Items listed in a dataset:
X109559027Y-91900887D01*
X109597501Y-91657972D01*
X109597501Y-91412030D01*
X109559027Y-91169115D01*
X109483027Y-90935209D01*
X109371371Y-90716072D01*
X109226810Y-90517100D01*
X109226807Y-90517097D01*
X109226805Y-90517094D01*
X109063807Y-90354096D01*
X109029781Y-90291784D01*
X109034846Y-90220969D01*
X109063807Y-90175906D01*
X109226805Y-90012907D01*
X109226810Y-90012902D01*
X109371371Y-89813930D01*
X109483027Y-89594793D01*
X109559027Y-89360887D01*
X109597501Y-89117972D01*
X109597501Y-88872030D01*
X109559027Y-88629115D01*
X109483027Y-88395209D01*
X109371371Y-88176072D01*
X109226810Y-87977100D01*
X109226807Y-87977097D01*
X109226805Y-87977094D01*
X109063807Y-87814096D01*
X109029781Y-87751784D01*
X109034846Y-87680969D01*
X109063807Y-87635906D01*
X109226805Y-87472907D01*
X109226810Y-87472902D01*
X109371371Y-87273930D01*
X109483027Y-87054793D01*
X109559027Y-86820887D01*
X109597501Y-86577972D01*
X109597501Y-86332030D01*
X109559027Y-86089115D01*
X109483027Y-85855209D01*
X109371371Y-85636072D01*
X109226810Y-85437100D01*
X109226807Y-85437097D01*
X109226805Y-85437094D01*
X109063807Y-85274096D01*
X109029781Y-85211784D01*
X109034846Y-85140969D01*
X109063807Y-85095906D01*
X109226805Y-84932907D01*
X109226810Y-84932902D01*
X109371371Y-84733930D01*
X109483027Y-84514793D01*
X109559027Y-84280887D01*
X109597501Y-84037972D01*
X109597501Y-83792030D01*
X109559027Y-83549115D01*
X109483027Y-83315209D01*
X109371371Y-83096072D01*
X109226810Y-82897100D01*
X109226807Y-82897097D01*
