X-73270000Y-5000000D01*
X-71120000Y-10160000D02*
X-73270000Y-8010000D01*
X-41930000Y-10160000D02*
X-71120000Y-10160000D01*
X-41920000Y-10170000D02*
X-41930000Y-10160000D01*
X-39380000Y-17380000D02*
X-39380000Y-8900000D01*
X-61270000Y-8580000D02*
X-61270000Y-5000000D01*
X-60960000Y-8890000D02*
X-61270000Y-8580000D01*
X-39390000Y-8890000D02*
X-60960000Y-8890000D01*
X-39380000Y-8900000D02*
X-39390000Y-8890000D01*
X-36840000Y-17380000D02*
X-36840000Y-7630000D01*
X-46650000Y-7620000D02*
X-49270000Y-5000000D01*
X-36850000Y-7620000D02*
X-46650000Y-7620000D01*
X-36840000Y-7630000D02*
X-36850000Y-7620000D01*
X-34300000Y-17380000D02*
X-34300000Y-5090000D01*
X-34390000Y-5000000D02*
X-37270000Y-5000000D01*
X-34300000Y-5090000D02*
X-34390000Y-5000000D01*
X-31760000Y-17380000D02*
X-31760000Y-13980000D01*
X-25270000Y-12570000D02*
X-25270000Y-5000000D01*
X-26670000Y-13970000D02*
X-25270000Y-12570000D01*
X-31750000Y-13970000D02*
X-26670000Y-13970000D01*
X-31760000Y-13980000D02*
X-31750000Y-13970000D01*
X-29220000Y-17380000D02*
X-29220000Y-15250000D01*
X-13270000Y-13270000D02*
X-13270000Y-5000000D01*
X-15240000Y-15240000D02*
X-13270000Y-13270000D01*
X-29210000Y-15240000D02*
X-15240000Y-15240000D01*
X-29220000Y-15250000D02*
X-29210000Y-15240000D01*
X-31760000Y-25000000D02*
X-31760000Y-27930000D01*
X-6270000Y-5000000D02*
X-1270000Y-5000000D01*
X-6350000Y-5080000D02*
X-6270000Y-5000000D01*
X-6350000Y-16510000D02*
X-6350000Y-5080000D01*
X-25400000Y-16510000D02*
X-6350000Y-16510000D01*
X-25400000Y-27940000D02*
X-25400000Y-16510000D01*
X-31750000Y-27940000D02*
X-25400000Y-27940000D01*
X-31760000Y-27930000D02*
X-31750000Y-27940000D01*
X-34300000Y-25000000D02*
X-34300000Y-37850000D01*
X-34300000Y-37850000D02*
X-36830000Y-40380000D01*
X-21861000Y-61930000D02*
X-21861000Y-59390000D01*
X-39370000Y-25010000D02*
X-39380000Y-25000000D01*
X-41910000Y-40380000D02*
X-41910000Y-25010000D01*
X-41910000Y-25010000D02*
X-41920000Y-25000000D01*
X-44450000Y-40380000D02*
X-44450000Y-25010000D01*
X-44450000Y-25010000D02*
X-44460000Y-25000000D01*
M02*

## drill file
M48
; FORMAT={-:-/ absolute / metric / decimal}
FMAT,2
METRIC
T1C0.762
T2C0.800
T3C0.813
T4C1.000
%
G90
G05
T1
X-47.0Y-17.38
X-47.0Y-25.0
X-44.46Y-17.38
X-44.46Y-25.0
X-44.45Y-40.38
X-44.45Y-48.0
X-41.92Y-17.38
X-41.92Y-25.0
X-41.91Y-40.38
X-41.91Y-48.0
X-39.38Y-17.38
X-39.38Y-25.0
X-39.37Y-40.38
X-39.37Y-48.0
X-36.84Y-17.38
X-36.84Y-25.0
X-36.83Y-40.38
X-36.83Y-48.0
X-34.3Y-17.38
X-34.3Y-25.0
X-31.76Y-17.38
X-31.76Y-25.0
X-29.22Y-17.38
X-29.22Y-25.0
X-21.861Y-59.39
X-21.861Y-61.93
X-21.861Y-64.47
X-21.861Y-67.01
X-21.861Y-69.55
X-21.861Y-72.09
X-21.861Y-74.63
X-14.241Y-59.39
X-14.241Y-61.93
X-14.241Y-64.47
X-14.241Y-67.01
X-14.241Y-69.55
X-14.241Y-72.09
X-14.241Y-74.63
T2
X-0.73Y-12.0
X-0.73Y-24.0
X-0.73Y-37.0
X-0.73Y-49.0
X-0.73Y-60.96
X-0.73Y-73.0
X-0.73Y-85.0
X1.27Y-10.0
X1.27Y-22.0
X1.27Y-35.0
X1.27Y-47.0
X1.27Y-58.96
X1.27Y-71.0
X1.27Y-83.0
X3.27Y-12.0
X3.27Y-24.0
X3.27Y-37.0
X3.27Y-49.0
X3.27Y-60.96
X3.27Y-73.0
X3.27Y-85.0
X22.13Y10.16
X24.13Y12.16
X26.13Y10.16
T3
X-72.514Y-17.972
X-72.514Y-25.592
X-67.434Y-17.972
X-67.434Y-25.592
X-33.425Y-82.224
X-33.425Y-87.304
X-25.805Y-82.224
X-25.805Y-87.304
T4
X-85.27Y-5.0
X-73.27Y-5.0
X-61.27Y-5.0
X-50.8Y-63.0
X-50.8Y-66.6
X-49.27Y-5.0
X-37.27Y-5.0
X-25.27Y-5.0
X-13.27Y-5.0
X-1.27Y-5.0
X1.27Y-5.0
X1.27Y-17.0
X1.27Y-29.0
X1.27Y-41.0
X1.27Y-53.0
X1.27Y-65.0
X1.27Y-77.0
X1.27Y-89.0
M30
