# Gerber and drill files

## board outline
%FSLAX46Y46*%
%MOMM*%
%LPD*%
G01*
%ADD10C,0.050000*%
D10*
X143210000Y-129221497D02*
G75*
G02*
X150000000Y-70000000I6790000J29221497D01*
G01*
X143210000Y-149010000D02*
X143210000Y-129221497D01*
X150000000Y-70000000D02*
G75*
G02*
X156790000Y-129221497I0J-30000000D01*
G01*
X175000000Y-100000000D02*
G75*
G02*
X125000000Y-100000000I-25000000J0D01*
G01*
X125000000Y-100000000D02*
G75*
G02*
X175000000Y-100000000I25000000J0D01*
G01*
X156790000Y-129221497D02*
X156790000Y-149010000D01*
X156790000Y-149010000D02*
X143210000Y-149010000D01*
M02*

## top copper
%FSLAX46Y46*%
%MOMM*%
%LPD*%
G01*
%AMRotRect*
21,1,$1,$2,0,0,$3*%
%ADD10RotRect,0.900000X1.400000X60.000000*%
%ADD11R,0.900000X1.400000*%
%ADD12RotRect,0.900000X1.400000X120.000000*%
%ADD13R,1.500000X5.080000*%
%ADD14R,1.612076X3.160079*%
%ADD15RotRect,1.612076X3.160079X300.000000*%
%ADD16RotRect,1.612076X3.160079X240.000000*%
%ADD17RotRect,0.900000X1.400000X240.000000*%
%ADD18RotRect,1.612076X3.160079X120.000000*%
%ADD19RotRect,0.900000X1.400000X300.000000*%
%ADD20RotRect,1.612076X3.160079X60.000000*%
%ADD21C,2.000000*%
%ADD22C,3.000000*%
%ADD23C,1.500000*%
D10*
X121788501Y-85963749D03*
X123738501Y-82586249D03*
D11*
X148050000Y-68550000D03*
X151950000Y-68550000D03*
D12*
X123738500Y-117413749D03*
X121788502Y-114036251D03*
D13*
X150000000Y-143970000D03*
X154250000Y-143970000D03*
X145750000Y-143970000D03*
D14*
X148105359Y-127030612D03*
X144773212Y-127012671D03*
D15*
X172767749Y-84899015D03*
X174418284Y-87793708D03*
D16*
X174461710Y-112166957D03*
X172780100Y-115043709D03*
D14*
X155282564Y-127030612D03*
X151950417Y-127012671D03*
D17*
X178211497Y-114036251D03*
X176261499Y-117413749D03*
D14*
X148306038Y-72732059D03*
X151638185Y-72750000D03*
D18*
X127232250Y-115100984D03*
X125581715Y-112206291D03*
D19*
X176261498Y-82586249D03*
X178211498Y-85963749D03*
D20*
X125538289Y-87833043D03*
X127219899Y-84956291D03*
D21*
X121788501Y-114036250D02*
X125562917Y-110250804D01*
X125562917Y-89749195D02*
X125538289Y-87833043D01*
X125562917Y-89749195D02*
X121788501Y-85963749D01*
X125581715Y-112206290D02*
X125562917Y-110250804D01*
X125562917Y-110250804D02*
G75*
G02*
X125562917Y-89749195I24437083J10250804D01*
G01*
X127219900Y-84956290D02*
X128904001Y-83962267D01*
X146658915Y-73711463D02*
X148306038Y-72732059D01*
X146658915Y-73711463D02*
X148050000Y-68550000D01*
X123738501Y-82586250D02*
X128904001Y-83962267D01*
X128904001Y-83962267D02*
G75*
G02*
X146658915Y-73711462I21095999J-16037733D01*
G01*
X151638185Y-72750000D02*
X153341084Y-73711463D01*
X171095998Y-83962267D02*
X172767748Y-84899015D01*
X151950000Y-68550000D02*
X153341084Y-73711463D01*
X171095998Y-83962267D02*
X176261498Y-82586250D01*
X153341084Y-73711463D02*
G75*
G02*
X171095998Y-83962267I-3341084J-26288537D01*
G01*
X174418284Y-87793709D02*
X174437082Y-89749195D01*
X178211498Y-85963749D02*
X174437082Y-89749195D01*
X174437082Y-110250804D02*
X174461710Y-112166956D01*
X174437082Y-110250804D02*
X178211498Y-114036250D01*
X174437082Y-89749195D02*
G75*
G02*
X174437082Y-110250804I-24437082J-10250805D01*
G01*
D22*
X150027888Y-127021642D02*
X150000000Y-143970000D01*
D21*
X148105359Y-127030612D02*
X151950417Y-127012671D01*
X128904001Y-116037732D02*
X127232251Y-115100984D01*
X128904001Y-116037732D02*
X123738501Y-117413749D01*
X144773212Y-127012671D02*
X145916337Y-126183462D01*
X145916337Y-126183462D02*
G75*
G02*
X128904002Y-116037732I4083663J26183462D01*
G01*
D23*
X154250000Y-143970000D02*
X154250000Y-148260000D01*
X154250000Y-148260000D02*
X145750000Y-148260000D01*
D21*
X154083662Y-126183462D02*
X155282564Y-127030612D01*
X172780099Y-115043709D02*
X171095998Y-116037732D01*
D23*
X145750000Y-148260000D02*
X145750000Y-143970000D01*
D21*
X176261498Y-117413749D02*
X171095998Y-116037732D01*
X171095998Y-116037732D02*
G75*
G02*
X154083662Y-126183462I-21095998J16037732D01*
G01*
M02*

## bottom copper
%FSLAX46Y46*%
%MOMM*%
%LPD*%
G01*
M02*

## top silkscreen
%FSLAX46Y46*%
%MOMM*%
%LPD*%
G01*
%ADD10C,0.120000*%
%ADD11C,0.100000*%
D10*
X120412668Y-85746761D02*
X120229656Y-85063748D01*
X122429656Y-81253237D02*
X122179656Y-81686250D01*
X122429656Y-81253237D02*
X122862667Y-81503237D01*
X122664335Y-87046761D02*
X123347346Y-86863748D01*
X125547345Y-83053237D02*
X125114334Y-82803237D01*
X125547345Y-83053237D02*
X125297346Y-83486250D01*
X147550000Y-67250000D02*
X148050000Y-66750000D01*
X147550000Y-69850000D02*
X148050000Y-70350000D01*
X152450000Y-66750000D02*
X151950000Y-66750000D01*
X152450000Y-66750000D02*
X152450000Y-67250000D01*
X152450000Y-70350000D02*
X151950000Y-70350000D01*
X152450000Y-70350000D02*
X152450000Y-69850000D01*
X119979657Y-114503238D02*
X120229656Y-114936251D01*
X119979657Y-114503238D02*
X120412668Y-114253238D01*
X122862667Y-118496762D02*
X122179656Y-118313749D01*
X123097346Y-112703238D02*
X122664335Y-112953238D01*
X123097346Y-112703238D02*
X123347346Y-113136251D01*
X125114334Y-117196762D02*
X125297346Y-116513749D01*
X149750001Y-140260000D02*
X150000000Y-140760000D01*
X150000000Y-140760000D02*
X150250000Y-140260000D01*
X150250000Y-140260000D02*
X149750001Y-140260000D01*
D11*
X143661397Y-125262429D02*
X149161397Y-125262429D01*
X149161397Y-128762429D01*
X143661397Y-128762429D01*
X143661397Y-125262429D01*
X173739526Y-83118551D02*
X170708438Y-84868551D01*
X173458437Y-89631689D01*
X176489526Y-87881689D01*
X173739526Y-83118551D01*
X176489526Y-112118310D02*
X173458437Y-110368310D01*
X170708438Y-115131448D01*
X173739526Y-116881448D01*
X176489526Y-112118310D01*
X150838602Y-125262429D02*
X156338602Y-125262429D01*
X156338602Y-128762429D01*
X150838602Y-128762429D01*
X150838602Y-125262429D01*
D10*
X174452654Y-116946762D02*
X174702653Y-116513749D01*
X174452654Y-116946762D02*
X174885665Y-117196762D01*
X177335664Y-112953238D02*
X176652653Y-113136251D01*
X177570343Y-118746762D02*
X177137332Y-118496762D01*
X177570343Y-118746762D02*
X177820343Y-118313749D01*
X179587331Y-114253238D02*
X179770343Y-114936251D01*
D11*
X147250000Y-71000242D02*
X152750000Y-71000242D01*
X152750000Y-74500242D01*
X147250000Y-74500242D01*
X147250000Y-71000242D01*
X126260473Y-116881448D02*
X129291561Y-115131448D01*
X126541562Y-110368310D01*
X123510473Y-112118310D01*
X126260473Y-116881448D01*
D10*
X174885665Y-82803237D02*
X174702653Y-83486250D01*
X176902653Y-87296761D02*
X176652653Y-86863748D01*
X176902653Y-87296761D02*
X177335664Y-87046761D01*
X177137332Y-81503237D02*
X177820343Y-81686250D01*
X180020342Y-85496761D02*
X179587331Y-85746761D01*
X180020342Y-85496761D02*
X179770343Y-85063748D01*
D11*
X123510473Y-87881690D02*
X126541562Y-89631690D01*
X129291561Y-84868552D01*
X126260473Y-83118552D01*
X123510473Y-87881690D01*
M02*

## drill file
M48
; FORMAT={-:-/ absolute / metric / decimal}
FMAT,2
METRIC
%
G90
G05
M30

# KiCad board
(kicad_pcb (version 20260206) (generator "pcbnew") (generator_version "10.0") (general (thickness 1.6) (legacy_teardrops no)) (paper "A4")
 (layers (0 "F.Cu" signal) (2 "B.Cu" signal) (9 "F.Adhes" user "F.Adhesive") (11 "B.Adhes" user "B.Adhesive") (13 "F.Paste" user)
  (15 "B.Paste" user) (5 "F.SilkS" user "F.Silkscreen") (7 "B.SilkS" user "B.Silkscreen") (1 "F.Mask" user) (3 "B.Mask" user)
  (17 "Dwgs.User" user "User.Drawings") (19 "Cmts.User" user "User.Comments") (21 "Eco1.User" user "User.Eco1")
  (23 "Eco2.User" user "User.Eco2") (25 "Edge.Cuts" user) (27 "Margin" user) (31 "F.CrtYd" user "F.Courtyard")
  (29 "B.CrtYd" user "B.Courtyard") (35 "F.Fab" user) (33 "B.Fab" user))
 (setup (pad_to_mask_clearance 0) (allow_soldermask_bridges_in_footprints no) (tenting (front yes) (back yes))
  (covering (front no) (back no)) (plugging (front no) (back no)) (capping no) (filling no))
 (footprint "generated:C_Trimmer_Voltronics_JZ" (layer "F.Cu") (at 122.763501 84.274999 60)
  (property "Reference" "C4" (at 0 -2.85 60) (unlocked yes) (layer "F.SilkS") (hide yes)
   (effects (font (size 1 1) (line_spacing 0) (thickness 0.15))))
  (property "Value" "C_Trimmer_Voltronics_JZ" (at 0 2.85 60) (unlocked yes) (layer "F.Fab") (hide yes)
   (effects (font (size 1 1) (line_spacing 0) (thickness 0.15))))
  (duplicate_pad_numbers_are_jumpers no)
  (fp_line (start -2.45 -1.3) (end -1.949999 -1.8) (stroke (width 0.12) (type default)) (layer "F.SilkS"))
  (fp_line (start 2.45 -1.799999) (end 1.95 -1.799999) (stroke (width 0.12) (type default)) (layer "F.SilkS"))
  (fp_line (start 2.45 -1.799999) (end 2.449999 -1.300001) (stroke (width 0.12) (type default)) (layer "F.SilkS"))
  (fp_line (start -2.449999 1.300001) (end -1.95 1.799999) (stroke (width 0.12) (type default)) (layer "F.SilkS"))
  (fp_line (start 2.449999 1.799999) (end 2.45 1.3) (stroke (width 0.12) (type default)) (layer "F.SilkS"))
  (fp_line (start 2.449999 1.799999) (end 1.949999 1.8) (stroke (width 0.12) (type default)) (layer "F.SilkS"))
  (pad "1" smd rect (at -1.95 0 60) (size 0.9 1.4) (layers "F.Cu" "F.Mask" "F.Paste") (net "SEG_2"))
  (pad "2" smd rect (at 1.95 0 60) (size 0.9 1.4) (layers "F.Cu" "F.Mask" "F.Paste") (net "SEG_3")))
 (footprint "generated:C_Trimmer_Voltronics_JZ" (layer "F.Cu") (at 150 68.55)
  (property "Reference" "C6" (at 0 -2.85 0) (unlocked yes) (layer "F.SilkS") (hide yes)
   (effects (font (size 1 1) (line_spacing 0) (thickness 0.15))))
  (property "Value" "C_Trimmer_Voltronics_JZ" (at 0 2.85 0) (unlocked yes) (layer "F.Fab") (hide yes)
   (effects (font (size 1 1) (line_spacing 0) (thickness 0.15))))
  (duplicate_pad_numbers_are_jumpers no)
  (fp_line (start -2.45 -1.3) (end -1.95 -1.8) (stroke (width 0.12) (type default)) (layer "F.SilkS"))
  (fp_line (start -2.45 1.3) (end -1.95 1.8) (stroke (width 0.12) (type default)) (layer "F.SilkS"))
  (fp_line (start 2.45 -1.8) (end 1.95 -1.8) (stroke (width 0.12) (type default)) (layer "F.SilkS"))
  (fp_line (start 2.45 -1.8) (end 2.45 -1.3) (stroke (width 0.12) (type default)) (layer "F.SilkS"))
  (fp_line (start 2.45 1.8) (end 1.95 1.8) (stroke (width 0.12) (type default)) (layer "F.SilkS"))
  (fp_line (start 2.45 1.8) (end 2.45 1.3) (stroke (width 0.12) (type default)) (layer "F.SilkS"))
  (pad "1" smd rect (at -1.95 0) (size 0.9 1.4) (layers "F.Cu" "F.Mask" "F.Paste") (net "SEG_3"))
  (pad "2" smd rect (at 1.95 0) (size 0.9 1.4) (layers "F.Cu" "F.Mask" "F.Paste") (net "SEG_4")))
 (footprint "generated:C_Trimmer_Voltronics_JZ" (layer "F.Cu") (at 122.763501 115.725 120)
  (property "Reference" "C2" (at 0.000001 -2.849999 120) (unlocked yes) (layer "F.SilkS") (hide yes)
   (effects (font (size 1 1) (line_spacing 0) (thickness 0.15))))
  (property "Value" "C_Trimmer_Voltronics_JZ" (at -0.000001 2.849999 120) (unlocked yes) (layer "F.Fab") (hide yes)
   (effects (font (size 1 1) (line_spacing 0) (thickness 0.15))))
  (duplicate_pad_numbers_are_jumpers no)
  (fp_line (start 2.449999 -1.799999) (end 1.949999 -1.8) (stroke (width 0.12) (type default)) (layer "F.SilkS"))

* **Assignment**: Starting at the first line of the records above, please copy each line exactly until you reach the line containing "X109371371Y-89813930D01*". Include that line and stop there.

* **Task response**:
X109559027Y-91900887D01*
X109597501Y-91657972D01*
X109597501Y-91412030D01*
X109559027Y-91169115D01*
X109483027Y-90935209D01*
X109371371Y-90716072D01*
X109226810Y-90517100D01*
X109226807Y-90517097D01*
X109226805Y-90517094D01*
X109063807Y-90354096D01*
X109029781Y-90291784D01*
X109034846Y-90220969D01*
X109063807Y-90175906D01*
X109226805Y-90012907D01*
X109226810Y-90012902D01*
X109371371Y-89813930D01*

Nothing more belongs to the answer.